24 Clock movement 26, 26A Indicator 26A Date ring 28, 28A First tooth 30, 64 Mechanism 32, 40 for periodic or intermittent drive Maltese cross system 38; 68, 69 Second tooth 66, 68 , 69 Self-locking pin system J1 + J2 Tangential play

Claims (6)

A watch movement (24) comprising an analog device for displaying information whose value fluctuates periodically or intermittently,
The analog display device includes an indicator (26, 26A) of the information comprising a first tooth (28, 28A) and a mechanism (30, 64) for periodic or intermittent driving of the indicator. ,
In the timepiece movement, the drive mechanism is formed by an irreversible transmission system including a second tooth (38; 68, 69) that meshes with the first tooth:
The display device further includes a positioning jumper (56) for the indicator that generates a positioning force on the first tooth, the positioning force on the first tooth being a plurality of non-continuous.
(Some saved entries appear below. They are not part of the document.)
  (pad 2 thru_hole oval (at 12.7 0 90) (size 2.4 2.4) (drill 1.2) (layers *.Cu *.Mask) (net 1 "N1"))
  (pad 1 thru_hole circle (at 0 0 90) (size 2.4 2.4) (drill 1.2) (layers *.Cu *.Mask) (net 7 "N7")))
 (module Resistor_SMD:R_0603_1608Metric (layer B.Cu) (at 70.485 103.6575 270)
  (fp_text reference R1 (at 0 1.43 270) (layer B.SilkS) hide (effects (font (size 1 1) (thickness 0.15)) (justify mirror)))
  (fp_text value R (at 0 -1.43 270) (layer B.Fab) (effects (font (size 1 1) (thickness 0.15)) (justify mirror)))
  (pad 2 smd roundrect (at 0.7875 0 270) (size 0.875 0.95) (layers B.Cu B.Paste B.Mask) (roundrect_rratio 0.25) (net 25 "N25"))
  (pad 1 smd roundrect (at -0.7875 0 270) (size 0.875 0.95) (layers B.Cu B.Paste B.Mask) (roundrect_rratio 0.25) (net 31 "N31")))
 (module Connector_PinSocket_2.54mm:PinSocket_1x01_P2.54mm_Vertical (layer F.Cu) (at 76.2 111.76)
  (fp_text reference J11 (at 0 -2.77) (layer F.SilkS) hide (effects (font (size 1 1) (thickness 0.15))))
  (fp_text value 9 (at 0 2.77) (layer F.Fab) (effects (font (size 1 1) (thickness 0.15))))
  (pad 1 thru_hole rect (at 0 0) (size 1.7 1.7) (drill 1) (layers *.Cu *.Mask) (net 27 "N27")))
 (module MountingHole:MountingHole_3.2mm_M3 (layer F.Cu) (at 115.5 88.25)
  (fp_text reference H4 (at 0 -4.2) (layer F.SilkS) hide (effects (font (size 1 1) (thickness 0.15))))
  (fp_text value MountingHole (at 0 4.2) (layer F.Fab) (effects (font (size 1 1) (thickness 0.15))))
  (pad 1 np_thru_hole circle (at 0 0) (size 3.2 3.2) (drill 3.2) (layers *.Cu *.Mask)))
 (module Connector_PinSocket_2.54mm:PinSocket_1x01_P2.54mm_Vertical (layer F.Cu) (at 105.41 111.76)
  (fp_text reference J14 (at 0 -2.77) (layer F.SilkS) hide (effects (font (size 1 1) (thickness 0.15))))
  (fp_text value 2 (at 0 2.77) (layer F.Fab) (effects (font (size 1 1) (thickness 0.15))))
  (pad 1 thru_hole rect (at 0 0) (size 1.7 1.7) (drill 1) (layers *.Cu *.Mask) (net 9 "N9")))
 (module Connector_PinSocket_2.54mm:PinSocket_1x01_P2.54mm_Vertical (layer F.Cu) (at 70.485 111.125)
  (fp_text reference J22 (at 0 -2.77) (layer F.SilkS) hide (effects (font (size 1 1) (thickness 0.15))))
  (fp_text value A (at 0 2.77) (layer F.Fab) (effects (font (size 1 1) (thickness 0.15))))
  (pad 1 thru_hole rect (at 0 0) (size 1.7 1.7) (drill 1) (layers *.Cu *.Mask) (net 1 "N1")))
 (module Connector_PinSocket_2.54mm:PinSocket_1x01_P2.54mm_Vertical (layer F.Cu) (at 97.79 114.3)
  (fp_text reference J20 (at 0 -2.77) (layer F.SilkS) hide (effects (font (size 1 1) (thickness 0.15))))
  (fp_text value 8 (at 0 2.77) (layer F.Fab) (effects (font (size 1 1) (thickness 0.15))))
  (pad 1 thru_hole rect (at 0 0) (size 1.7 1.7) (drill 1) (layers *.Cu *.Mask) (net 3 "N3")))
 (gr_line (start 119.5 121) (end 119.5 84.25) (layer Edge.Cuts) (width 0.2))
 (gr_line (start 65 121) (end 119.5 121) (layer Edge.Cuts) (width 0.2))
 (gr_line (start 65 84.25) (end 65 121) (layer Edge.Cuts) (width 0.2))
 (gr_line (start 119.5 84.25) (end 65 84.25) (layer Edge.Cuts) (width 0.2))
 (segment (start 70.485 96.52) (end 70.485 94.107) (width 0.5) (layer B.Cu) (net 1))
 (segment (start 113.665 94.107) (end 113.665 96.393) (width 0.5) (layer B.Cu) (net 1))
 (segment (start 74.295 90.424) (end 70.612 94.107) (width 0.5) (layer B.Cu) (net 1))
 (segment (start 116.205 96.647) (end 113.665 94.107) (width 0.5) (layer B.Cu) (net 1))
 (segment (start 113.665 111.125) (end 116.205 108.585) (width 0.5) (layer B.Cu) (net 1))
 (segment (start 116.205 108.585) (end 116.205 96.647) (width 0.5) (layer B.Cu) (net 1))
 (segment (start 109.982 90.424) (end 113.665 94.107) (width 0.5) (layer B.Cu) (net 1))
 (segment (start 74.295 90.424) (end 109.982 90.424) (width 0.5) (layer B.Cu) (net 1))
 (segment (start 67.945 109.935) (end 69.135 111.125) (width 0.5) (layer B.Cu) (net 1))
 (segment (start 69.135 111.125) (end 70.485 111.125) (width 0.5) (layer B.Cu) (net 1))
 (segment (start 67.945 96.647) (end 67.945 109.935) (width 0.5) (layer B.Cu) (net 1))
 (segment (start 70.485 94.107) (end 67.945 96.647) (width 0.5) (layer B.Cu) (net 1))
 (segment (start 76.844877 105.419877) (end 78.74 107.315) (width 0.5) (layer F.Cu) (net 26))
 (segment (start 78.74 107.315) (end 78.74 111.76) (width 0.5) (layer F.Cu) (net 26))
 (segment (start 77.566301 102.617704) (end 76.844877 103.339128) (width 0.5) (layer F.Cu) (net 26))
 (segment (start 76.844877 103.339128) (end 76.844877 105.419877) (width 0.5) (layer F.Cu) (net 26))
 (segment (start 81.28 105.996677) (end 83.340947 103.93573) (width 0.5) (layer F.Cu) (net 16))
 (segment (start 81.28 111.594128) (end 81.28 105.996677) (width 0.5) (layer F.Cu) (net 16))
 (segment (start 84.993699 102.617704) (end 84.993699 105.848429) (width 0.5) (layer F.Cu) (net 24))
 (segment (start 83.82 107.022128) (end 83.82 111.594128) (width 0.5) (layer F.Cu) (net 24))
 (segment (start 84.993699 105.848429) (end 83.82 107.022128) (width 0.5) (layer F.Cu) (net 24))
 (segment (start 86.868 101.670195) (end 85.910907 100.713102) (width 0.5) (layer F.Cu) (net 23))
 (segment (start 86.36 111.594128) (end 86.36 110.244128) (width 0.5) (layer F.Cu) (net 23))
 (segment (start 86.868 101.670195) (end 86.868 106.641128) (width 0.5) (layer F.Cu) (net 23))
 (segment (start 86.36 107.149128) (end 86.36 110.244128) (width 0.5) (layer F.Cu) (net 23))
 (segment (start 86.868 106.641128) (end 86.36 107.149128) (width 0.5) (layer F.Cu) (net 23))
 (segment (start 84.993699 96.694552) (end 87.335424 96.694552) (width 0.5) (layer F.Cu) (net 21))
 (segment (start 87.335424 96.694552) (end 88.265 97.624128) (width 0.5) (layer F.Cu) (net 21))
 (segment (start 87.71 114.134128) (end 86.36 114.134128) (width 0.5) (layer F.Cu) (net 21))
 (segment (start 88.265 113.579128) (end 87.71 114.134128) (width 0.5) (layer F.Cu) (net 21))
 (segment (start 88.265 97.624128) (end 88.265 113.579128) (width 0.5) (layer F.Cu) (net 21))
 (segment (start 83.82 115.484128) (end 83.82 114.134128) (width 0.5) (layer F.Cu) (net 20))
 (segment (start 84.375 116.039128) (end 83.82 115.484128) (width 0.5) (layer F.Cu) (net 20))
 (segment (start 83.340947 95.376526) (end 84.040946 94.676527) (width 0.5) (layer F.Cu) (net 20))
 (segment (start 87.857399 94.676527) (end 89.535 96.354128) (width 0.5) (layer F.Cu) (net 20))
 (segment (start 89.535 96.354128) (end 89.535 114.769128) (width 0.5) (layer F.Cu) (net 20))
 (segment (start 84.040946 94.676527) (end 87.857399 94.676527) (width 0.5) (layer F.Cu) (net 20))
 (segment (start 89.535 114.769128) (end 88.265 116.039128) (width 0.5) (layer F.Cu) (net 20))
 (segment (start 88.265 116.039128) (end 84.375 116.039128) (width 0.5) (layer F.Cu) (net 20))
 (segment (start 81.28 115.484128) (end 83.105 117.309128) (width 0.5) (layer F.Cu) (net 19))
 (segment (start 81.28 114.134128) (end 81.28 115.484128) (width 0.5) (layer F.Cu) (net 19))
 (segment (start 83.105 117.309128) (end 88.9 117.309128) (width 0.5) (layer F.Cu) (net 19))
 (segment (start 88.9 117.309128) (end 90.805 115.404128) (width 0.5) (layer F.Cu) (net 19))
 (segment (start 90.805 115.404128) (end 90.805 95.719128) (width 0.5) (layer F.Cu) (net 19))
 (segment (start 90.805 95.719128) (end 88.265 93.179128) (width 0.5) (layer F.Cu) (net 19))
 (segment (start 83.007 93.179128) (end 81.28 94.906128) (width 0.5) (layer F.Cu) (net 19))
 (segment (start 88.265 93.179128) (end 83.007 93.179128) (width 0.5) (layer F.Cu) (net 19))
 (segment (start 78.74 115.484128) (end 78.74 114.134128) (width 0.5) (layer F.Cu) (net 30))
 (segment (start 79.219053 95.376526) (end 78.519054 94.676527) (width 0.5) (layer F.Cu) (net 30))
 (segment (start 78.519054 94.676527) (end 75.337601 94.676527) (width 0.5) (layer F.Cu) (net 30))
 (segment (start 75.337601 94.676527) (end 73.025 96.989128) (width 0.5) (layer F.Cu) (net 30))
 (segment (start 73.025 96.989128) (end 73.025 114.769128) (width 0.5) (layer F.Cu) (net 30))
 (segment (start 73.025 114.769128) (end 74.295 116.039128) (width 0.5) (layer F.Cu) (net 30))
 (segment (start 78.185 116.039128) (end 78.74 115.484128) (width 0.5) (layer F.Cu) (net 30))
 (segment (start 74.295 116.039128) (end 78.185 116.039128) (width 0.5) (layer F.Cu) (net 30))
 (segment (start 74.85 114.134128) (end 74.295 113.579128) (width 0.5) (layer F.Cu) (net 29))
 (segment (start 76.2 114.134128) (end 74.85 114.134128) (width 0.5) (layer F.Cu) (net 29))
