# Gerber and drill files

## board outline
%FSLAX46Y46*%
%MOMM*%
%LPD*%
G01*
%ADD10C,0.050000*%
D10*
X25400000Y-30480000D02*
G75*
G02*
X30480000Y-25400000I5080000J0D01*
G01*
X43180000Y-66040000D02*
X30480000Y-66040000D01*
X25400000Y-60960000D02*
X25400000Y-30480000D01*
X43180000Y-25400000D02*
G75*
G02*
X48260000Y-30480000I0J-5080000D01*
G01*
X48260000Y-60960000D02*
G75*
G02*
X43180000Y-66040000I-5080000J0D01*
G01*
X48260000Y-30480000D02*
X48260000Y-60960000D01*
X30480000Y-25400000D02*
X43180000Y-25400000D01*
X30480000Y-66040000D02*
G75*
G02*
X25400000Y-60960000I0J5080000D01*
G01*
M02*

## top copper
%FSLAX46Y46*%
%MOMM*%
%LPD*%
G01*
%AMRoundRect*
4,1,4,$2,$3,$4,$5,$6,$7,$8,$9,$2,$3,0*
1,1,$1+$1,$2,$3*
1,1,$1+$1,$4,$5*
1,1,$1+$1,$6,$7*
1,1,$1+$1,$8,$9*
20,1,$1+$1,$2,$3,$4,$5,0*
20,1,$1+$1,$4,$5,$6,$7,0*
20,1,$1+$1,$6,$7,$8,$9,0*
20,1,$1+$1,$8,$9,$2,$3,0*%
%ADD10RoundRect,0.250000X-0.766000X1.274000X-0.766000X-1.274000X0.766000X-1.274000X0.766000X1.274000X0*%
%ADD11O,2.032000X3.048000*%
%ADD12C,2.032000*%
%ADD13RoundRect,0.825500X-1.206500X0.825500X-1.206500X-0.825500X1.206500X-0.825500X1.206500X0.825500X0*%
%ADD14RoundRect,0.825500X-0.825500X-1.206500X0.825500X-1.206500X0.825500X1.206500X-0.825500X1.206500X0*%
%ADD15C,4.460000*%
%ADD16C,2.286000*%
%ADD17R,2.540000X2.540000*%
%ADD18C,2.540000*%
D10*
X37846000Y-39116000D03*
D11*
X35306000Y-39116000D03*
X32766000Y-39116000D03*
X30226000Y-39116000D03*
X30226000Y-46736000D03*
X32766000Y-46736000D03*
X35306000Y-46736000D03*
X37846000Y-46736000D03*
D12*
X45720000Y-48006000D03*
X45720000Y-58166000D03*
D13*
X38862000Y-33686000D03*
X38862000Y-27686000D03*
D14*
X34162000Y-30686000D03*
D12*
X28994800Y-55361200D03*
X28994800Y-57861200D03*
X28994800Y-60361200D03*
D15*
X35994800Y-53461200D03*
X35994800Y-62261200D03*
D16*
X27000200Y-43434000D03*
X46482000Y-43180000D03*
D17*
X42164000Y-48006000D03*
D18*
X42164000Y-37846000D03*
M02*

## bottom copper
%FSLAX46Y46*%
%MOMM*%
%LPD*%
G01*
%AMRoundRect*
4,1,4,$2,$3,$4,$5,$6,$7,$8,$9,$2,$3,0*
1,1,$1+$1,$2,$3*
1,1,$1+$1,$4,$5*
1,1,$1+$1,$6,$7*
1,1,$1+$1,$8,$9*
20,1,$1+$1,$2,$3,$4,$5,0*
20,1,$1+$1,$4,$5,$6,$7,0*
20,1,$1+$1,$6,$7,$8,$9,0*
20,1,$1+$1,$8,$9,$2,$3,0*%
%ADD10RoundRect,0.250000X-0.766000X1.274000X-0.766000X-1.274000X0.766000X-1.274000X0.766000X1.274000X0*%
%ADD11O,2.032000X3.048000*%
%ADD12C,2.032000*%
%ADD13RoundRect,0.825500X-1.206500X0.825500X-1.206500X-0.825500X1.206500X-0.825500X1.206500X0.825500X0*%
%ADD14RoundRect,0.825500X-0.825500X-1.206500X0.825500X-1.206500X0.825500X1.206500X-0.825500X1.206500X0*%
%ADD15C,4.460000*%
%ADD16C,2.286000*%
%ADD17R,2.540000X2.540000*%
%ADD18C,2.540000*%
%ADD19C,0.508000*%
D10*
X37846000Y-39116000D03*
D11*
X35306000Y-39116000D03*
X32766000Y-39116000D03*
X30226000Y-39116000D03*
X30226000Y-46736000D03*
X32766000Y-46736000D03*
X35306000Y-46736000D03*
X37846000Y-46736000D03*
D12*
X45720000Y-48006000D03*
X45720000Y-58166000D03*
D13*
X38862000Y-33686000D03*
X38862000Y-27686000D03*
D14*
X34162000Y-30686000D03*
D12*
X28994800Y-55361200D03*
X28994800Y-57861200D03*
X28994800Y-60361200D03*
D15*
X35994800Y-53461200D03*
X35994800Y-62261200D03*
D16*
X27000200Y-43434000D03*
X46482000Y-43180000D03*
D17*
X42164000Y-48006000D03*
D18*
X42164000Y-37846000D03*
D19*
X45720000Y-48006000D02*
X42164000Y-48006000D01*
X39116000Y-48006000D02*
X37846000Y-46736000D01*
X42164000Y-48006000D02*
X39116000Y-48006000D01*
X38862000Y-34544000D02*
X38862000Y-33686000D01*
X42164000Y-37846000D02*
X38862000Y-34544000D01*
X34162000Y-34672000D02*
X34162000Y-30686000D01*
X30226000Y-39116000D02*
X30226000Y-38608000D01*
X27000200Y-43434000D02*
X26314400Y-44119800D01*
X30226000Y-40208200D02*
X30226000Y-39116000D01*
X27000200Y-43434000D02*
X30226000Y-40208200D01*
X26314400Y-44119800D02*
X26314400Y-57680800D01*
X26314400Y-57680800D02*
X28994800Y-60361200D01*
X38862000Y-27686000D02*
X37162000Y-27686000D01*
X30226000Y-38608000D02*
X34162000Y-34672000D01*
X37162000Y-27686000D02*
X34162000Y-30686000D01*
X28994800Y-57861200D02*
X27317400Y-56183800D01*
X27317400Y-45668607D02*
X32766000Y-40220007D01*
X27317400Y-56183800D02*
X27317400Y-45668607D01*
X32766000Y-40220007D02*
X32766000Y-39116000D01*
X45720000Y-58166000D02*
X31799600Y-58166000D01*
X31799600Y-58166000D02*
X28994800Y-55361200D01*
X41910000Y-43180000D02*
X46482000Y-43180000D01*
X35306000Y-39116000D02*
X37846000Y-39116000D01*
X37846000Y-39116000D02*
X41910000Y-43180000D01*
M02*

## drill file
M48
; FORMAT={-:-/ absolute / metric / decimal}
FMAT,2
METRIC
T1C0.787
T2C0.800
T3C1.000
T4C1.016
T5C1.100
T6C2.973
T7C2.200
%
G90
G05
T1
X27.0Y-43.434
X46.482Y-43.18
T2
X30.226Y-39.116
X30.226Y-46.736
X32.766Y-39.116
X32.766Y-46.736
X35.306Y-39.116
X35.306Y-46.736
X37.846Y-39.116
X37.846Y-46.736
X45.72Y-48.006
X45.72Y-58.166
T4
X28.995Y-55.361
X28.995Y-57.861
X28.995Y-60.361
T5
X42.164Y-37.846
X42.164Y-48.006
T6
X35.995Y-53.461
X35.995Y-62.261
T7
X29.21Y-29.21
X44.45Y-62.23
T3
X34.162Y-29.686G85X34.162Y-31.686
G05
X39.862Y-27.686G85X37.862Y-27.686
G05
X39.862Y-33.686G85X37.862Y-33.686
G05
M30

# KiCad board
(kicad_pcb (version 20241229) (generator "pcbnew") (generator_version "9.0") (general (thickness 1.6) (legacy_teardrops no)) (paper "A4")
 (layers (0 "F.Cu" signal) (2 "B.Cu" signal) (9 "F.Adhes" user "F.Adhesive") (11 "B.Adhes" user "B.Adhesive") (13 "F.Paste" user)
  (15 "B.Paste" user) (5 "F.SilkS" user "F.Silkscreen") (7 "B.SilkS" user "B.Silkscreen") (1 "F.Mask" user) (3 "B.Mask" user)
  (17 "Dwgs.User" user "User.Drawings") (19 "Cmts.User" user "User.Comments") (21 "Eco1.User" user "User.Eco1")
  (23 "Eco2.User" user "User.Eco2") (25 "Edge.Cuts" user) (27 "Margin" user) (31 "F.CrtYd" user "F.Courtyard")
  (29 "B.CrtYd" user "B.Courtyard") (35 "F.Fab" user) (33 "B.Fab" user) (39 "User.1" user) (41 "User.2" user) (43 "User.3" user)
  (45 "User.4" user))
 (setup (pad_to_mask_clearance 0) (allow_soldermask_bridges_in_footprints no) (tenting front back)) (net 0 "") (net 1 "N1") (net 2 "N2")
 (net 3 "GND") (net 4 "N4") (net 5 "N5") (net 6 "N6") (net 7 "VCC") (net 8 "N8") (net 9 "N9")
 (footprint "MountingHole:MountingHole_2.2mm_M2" (layer "F.Cu") (at 29.21 29.21)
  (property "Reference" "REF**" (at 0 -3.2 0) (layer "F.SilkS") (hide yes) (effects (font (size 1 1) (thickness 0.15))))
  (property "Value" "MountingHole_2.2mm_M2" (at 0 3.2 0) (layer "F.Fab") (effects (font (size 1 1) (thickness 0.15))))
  (pad "" np_thru_hole circle (at 0 0) (size 2.2 2.2) (drill 2.2) (layers "*.Cu" "*.Mask")))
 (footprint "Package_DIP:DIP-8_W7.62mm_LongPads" (layer "F.Cu") (at 37.846 39.116 -90)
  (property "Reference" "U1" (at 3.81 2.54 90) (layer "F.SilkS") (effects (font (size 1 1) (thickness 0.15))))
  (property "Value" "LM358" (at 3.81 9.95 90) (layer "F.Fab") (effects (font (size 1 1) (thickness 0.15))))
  (pad "1" thru_hole roundrect (at 0 0 270) (size 3.048 2.032) (drill 0.8) (layers "*.Cu" "*.Mask") (remove_unused_layers no)
   (roundrect_rratio 0.1230314961) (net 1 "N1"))
  (pad "2" thru_hole oval (at 0 2.54 270) (size 3.048 2.032) (drill 0.8) (layers "*.Cu" "*.Mask") (remove_unused_layers no) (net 1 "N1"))
  (pad "3" thru_hole oval (at 0 5.08 270) (size 3.048 2.032) (drill 0.8) (layers "*.Cu" "*.Mask") (remove_unused_layers no) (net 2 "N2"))
  (pad "4" thru_hole oval (at 0 7.62 270) (size 3.048 2.032) (drill 0.8) (layers "*.Cu" "*.Mask") (remove_unused_layers no) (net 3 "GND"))
  (pad "5" thru_hole oval (at 7.62 7.62 270) (size 3.048 2.032) (drill 0.8) (layers "*.Cu" "*.Mask") (remove_unused_layers no) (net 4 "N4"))
  (pad "6" thru_hole oval (at 7.62 5.08 270) (size 3.048 2.032) (drill 0.8) (layers "*.Cu" "*.Mask") (remove_unused_layers no) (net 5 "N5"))
  (pad "7" thru_hole oval (at 7.62 2.54 270) (size 3.048 2.032) (drill 0.8) (layers "*.Cu" "*.Mask") (remove_unused_layers no) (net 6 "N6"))
  (pad "8" thru_hole oval (at 7.62 0 270) (size 3.048 2.032) (drill 0.8) (layers "*.Cu" "*.Mask") (remove_unused_layers no) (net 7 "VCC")))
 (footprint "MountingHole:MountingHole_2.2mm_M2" (layer "F.Cu") (at 44.45 62.23)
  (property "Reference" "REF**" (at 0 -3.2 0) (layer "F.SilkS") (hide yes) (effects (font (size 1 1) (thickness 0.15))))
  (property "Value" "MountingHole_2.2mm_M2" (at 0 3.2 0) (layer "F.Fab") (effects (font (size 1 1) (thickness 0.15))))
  (pad "" np_thru_hole circle (at 0 0) (size 2.2 2.2) (drill 2.2) (layers "*.Cu" "*.Mask")))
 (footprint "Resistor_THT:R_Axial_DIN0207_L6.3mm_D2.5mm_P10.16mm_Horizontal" (layer "F.Cu") (at 45.72 48.006 -90)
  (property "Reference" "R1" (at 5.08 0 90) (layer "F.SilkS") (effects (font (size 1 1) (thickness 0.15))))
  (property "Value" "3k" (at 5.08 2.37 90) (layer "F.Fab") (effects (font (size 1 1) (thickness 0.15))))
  (pad "1" thru_hole circle (at 0 0 270) (size 2.032 2.032) (drill 0.8) (layers "*.Cu" "*.Mask") (remove_unused_layers no) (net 7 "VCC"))
  (pad "2" thru_hole circle (at 10.16 0 270) (size 2.032 2.032) (drill 0.8) (layers "*.Cu" "*.Mask") (remove_unused_layers no) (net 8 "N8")))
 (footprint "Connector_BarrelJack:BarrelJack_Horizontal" (layer "F.Cu") (at 38.862 33.686 -90)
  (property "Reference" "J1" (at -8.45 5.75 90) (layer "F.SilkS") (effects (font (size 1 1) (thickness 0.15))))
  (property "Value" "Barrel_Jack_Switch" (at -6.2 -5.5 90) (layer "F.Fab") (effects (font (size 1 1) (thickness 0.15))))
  (pad "1" thru_hole roundrect (at 0 0 270) (size 3.302 4.064) (drill oval 1 3) (layers "*.Cu" "*.Mask") (remove_unused_layers no)
   (roundrect_rratio 0.25) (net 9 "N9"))
  (pad "2" thru_hole roundrect (at -6 0 270) (size 3.302 4.064) (drill oval 1 3) (layers "*.Cu" "*.Mask") (remove_unused_layers no)
   (roundrect_rratio 0.25) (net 3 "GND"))
  (pad "3" thru_hole roundrect (at -3 4.7) (size 3.302 4.064) (drill oval 1 3) (layers "*.Cu" "*.Mask") (remove_unused_layers no)
   (roundrect_rratio 0.25) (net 3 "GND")))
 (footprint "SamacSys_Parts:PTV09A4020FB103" (layer "F.Cu") (at 34.5948 57.8612 -90)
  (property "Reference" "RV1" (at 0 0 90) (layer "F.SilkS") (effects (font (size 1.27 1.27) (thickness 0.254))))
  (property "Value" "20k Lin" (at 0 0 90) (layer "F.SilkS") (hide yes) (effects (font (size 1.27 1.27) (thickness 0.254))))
Sufficient to accurately position the indicator at a display position, but insufficient to ensure an impact resistant function for the indicator;
A tangential play (J1 + J2) exists between the first tooth portion and the second tooth portion, and the tangential play is caused by the indicator among the plurality of discontinuous display positions. In any one of the display positions, when the irreversible transmission system is in a corresponding predetermined position, the first tooth portion and the second tooth portion are set sufficiently large so as not to contact each other. And the irreversible transmission system is at least when the indicator is in any one of the plurality of non-consecutive display positions and the irreversible transmission system is in the corresponding predetermined position. Further, the timepiece movement (24) is characterized in that an impact resistance function for the indicator is ensured by meshing the first tooth portion and the second tooth portion.   2. Timepiece movement according to claim 1, characterized in that the irreversible transmission system is a Maltese cross system (32, 40).   2. Timepiece movement according to claim 1, characterized in that the irreversible transmission system is a self-locking pin system (66, 68, 69). The positioning force according to claim 1, wherein the positioning force is higher than a maximum friction force applied to the indicator by the timepiece movement, and the positioning force is less than three times the maximum friction force. The timepiece movement according to any one of the above.   The tangential play (J1 + J2) between the first tooth portion and the second tooth portion is a cumulative manufacturing tolerance of 2 generated in a gear unit formed by the indicator and the irreversible transmission system. The timepiece movement according to any one of claims 1 to 4, wherein the timepiece movement is more than double or substantially double.   A timepiece movement according to any one of the preceding claims, characterized in that the indicator is a date ring (26A).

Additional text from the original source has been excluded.